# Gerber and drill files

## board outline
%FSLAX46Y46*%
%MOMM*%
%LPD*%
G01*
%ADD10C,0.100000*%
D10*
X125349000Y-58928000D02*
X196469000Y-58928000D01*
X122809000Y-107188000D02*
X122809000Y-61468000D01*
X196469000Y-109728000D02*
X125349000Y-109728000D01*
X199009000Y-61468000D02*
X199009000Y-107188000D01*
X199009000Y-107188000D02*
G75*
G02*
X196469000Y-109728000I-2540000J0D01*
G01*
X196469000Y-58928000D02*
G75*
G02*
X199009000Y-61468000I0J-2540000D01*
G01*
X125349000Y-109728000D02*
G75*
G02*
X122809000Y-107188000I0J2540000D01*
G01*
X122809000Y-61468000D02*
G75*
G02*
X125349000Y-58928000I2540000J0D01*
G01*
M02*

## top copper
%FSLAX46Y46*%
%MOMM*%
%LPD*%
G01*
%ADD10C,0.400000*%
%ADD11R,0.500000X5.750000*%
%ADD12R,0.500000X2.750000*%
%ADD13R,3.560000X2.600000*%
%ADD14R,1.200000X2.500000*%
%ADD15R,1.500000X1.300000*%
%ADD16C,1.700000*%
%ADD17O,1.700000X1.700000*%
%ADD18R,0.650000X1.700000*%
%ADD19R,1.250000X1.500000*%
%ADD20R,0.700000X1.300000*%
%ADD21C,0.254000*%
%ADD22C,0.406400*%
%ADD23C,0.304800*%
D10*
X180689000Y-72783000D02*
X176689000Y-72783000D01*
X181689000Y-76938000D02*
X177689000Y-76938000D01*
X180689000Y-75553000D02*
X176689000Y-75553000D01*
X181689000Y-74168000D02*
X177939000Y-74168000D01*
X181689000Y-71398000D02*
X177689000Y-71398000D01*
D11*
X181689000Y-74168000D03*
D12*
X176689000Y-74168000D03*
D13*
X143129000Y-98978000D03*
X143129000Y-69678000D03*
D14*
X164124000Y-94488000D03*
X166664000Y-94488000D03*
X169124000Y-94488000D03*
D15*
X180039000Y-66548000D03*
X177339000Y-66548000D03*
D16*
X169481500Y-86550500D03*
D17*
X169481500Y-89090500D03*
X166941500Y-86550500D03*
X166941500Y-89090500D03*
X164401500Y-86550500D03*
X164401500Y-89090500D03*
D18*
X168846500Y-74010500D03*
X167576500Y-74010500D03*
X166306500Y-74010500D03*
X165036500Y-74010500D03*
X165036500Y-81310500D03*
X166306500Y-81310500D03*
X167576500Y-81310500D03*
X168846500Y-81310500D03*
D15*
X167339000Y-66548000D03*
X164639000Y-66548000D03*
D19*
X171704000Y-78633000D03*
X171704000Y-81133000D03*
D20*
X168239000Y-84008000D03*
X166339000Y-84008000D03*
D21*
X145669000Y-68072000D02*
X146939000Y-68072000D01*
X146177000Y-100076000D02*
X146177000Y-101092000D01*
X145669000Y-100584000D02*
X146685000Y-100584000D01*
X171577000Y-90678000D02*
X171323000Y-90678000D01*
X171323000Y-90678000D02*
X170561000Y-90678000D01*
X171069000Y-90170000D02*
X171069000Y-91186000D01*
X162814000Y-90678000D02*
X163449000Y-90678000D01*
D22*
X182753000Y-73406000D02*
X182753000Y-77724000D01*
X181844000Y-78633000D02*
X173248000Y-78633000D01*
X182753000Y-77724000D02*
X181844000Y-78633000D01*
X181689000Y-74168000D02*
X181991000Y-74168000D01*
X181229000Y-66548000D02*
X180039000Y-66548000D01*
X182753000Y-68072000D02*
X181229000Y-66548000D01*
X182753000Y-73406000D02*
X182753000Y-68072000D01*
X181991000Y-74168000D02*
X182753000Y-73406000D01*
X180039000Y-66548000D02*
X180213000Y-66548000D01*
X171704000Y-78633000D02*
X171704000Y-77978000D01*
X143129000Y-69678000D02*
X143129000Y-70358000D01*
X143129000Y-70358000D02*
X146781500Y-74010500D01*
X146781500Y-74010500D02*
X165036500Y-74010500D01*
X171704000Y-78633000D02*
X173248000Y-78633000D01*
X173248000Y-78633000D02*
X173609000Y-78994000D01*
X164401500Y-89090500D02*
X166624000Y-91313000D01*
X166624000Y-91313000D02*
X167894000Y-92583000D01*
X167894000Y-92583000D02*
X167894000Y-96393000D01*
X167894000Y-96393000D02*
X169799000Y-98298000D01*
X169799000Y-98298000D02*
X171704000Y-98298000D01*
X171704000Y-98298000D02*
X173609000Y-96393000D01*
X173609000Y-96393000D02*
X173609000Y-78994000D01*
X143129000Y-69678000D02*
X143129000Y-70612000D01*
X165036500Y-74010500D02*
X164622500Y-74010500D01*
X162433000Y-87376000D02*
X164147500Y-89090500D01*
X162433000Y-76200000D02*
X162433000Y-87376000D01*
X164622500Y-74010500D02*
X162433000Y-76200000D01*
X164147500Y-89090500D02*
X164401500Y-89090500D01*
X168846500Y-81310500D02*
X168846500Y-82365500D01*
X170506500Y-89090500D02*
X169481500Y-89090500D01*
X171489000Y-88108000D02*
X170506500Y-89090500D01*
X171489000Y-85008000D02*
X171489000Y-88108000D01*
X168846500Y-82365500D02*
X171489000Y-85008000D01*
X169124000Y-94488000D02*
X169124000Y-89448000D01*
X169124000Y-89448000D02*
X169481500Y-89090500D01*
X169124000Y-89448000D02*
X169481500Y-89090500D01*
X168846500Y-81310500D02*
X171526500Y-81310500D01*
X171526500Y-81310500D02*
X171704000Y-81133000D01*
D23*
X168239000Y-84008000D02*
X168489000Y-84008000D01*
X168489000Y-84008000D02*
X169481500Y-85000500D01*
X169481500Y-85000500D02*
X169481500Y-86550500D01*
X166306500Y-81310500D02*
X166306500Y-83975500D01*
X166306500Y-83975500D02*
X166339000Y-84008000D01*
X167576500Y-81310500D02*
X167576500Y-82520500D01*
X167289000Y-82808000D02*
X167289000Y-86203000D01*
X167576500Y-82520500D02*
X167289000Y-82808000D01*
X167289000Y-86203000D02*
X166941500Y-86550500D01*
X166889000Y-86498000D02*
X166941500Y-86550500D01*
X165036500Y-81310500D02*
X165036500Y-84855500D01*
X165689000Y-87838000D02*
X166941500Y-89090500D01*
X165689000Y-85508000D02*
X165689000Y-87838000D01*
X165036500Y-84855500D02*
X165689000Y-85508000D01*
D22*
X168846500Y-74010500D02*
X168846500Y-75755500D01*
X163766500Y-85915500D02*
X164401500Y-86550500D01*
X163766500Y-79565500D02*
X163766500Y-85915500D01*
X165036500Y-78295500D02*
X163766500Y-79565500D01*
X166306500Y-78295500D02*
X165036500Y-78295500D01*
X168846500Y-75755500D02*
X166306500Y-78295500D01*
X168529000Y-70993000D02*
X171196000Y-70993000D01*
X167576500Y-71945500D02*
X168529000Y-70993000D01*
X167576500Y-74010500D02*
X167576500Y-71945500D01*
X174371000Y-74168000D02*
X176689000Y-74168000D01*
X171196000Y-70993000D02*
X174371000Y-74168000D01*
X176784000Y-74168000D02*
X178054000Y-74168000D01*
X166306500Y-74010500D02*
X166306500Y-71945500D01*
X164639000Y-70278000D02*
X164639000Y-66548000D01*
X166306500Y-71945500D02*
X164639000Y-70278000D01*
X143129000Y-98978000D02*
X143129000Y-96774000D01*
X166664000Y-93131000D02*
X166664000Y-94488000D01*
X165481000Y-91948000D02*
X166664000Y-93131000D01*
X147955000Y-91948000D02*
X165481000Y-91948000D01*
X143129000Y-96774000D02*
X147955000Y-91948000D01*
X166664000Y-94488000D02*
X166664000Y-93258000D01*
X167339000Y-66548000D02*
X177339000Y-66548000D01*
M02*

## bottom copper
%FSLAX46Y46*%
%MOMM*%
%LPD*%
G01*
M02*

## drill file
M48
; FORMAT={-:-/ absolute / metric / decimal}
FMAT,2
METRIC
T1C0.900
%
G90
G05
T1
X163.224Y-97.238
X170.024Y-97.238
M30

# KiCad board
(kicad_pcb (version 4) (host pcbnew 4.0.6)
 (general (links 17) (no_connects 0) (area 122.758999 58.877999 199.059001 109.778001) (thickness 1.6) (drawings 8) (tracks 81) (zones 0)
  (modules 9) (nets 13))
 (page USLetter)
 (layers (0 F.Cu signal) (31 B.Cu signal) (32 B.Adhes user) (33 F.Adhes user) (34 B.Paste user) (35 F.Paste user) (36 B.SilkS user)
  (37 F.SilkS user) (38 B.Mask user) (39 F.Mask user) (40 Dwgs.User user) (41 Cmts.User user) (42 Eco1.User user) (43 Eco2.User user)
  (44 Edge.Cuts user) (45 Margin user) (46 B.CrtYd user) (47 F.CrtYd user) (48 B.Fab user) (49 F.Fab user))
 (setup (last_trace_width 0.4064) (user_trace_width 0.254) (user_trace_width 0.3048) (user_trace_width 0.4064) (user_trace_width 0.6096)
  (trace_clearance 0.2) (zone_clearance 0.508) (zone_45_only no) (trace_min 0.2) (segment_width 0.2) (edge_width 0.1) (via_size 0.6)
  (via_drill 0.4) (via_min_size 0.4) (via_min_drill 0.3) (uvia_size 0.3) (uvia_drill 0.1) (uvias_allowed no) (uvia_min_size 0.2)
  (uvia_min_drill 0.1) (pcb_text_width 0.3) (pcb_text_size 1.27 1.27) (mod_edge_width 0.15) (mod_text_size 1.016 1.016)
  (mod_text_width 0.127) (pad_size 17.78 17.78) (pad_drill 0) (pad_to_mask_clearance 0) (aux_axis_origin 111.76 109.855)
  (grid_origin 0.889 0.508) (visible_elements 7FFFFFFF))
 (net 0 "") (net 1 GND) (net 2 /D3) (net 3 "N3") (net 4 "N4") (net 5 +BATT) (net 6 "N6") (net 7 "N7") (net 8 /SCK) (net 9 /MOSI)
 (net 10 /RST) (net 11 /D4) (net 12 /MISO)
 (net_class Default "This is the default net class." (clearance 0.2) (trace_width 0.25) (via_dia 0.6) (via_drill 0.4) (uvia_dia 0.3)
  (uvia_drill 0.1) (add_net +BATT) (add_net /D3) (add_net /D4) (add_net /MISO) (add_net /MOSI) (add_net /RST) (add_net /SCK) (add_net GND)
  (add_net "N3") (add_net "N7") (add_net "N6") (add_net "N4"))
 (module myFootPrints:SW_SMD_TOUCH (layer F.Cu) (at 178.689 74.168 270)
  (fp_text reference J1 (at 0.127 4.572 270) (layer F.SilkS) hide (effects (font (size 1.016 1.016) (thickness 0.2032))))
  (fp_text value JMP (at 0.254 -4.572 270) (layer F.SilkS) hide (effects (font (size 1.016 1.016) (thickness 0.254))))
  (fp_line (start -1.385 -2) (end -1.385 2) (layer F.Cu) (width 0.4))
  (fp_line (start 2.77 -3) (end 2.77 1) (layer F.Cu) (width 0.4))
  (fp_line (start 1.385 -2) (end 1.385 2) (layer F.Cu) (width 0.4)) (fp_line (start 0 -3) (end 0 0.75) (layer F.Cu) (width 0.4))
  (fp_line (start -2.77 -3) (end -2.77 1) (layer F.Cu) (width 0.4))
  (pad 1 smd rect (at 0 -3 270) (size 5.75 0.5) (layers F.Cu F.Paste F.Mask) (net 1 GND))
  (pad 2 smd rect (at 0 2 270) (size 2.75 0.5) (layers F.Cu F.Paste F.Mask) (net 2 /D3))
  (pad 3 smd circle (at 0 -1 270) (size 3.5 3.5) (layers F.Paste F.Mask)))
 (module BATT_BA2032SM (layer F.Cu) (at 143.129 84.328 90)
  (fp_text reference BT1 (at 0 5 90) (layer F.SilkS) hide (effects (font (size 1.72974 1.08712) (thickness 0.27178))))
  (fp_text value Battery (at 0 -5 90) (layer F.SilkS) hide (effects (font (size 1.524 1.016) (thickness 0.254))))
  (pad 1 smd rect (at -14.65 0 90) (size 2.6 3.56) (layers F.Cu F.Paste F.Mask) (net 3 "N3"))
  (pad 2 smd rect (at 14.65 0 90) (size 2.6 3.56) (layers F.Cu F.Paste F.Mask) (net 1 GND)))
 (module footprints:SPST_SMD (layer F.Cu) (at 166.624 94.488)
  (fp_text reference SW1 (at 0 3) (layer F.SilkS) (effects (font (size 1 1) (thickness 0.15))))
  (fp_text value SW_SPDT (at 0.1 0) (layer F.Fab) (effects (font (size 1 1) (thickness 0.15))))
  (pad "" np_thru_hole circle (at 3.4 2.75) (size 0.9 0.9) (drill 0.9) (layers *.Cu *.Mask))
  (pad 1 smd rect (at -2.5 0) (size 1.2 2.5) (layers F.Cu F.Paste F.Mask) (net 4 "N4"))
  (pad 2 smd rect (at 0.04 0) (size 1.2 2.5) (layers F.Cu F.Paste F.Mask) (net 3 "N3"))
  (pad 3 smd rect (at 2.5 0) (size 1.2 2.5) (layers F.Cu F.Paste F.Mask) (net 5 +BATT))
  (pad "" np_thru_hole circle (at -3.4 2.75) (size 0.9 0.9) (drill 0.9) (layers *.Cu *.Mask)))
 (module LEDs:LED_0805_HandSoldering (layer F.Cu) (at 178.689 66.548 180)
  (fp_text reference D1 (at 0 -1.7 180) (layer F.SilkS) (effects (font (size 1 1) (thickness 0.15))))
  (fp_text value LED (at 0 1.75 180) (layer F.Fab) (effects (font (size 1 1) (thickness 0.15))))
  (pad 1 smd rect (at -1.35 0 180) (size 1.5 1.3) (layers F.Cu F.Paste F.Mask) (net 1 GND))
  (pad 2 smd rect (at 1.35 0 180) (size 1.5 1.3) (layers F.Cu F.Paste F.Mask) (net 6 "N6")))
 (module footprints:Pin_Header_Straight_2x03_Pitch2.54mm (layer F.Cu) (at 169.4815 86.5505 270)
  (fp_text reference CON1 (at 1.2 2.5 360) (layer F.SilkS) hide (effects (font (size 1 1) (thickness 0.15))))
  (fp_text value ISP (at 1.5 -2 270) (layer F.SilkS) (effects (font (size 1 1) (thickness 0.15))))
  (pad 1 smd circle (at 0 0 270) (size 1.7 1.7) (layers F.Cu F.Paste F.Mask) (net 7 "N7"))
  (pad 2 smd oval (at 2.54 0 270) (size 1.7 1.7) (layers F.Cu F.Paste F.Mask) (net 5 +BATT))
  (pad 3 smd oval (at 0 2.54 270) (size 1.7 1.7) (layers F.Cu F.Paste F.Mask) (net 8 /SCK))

----------------

### Directions
Since only the number is needed, state how many lines of the listing contain the word "MISO".

### Output for this task
2